Ultimately, investors will be better off. This doesn’t mean that some investors won’t lose money on businesses that go bad. Small businesses fail at faster rates than larger businesses, but some of them succeed. I think that what people lose sight of is that all businesses start small. Intel ($INTC) went public in 1971. It was only a 3-year-old company. It wasn’t profitable on an operating basis, and it missed delivery on its first product. That $8 million IPO? The company’s stock price was cut in half – talk about risk! It took a while to turn it around. The rest is history. It’s a major employer that’s contributed technologies to our economy that have precipitated everything from genomics to the wireless industry.

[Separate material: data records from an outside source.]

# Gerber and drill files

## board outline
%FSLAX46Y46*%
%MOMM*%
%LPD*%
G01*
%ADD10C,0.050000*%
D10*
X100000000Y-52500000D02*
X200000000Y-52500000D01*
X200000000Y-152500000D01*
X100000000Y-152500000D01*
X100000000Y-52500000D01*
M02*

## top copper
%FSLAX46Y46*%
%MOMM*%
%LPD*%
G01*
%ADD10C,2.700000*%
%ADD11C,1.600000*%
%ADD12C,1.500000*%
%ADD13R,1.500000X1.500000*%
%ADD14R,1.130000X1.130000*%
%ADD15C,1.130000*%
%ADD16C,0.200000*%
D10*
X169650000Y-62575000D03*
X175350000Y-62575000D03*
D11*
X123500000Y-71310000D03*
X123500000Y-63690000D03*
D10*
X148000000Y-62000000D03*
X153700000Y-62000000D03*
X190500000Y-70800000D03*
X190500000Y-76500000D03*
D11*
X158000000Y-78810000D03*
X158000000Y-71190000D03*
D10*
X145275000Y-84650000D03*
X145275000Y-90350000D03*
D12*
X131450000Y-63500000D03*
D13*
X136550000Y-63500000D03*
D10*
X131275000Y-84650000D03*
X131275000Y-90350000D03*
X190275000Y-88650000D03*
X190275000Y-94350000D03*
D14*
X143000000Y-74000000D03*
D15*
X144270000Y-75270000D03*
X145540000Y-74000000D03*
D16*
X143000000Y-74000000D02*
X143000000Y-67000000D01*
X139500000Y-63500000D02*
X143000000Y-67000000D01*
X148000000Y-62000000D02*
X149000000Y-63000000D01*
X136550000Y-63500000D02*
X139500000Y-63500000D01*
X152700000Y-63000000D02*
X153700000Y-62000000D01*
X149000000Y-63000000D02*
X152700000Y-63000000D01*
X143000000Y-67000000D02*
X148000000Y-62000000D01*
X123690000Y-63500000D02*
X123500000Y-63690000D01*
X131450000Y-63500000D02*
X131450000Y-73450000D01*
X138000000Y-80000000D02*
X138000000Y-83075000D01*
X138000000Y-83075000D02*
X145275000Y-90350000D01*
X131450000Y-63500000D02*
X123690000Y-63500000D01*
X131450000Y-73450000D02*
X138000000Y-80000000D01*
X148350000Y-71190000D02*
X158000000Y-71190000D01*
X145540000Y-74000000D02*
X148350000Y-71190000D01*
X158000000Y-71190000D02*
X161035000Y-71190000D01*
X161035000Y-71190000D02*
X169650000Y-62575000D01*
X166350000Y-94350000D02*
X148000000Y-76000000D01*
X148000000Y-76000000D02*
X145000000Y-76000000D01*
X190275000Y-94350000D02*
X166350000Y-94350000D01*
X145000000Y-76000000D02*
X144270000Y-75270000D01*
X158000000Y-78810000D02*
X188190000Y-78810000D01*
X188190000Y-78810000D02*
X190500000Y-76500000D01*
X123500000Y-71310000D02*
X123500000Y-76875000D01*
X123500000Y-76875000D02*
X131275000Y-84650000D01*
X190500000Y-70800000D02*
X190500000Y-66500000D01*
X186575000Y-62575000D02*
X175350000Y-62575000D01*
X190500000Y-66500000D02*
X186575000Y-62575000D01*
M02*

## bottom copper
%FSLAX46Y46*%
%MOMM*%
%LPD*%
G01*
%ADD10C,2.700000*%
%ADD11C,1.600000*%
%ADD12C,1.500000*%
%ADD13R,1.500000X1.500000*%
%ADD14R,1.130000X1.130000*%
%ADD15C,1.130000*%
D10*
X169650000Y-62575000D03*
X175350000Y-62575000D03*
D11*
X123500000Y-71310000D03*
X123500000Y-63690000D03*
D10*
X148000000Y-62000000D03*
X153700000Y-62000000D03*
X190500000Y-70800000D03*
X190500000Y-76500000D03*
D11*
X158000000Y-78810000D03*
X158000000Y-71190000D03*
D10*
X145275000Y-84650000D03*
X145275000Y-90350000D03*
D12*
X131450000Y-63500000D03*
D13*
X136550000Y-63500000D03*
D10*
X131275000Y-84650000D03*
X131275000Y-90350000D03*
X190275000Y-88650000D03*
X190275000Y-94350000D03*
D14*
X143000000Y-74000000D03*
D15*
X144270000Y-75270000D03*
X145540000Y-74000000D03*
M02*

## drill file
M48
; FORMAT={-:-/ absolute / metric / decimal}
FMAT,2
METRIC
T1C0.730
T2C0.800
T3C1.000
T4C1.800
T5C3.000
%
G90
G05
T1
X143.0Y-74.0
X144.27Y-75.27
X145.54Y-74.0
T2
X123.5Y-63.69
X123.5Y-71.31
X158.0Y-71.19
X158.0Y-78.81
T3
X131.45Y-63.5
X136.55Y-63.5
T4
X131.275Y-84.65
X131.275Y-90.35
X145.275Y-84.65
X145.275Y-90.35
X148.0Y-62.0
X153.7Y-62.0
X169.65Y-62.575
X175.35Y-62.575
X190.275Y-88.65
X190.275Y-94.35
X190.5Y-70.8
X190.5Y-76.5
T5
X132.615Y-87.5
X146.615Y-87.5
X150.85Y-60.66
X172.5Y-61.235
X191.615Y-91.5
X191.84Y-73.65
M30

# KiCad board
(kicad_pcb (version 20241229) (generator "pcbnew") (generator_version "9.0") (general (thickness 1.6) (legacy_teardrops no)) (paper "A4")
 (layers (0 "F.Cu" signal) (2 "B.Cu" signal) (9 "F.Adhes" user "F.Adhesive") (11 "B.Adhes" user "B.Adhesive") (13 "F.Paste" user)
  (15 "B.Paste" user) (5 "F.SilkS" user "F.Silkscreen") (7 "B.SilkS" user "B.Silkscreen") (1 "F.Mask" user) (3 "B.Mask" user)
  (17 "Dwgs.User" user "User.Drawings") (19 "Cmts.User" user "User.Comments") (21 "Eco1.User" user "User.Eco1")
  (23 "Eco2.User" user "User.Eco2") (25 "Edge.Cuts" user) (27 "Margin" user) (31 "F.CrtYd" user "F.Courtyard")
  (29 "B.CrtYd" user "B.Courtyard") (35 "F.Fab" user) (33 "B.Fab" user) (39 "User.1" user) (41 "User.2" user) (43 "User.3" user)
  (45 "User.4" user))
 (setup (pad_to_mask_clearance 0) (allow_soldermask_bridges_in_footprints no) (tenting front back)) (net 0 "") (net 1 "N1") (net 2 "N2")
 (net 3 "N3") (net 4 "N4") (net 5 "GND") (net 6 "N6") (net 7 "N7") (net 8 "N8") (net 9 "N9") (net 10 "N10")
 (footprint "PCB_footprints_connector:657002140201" (layer "F.Cu") (at 172.5 62.575 180)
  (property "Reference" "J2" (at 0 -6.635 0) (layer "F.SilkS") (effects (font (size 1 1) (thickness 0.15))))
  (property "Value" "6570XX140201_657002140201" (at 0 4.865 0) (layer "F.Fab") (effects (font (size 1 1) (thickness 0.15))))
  (pad "" np_thru_hole circle (at 0 1.34 180) (size 3 3) (drill 3) (layers "*.Cu" "*.Mask"))
  (pad "1" thru_hole circle (at 2.85 0 180) (size 2.7 2.7) (drill 1.8) (layers "*.Cu" "*.Mask") (remove_unused_layers no) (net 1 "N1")
   (solder_mask_margin 0.102))
  (pad "2" thru_hole circle (at -2.85 0 180) (size 2.7 2.7) (drill 1.8) (layers "*.Cu" "*.Mask") (remove_unused_layers no) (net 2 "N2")
   (solder_mask_margin 0.102)))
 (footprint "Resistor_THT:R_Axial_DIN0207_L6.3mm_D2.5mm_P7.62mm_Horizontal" (layer "F.Cu") (at 123.5 71.31 90)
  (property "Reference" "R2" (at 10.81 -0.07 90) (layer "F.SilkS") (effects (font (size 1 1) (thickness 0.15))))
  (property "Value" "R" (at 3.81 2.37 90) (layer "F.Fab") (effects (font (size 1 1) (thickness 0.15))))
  (pad "1" thru_hole circle (at 0 0 90) (size 1.6 1.6) (drill 0.8) (layers "*.Cu" "*.Mask") (remove_unused_layers no) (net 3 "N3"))
  (pad "2" thru_hole circle (at 7.62 0 90) (size 1.6 1.6) (drill 0.8) (layers "*.Cu" "*.Mask") (remove_unused_layers no) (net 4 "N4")))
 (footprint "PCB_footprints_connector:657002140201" (layer "F.Cu") (at 150.85 62 180)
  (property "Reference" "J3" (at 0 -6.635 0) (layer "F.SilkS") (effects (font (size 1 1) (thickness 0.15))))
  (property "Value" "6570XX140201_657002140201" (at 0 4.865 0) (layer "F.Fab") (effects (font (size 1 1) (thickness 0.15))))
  (pad "" np_thru_hole circle (at 0 1.34 180) (size 3 3) (drill 3) (layers "*.Cu" "*.Mask"))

So, I think that you can’t underestimate the value of planting more and more of these seeds of hope. Which is what they are, because some subset of these companies are going to ultimately find the cure to cancer or a solution to global warming or sources of renewable energy. These are the things that will transform and improve the quality of life for the next generation. So, I can’t tell you how significant these improvements to capital markets are for the good of the nation.
EQ: How concerned should we be about the way Reg-A could potentially exempt more companies from state Blue Sky laws?
David Weild: One of the things that’s holding up Reg A right now is this whole controversy between state’s rights and federal preemption of Blue Sky, or “merit review.”
Merit review by the states is just an unnecessary tax on small companies. I think the irony is that usually the states’ rights advocates are the Republicans, but, in this particular case, it’s the Democrats that are trying to assert jurisdiction. It’s the Democratic states, mostly, that are trying assert jurisdiction over Reg. A offerings.
The irony here is that many of the Democratic states are likely to be the biggest beneficiaries of Reg A-Plus. The states of New York, Massachusetts, and California have some of the biggest entrepreneurial economies. Or, in the case of New York, New York is one of the biggest beneficiaries from the securities industry. So, I find it rather ironic that Democratic members of congress support something that makes cost higher for smaller companies, inhibits capital formation that will ultimately benefit some of the major Democratic states. This is absolutely the wrong way to go.
We really need federal preemption of merit review for Reg A companies just to keep the cost reasonable and to keep the risks reasonable. It’s not just the cost of the merit review directly, it’s the lack of predictability of what states that you’re going to pass and be able to market in. For example, if California wakes up one morning and decides that they are going to put in 35 different comments, you may find that you, all of a sudden, have to go ahead with your public offering without the state of California.
So, behind closed doors this issue been burning very brightly. I know that the SEC has wanted to preempt state regulation, and my view is that this is a classic case of state regulators behaving badly. I hope that they ultimately will acquiesce and give up that jurisdiction for the benefit of the country, but the cynics believe that NASAA’s members are more concerned about losing their state filing fees and running for state office than doing what is best for the economy. In my view, it is very important that we not saddle smaller companies with higher costs, which state regulation creates.
States still have the anti-fraud statutes, right? So, no company gets a free pass. I really hope the SEC wins on this issue. The SEC has this one right.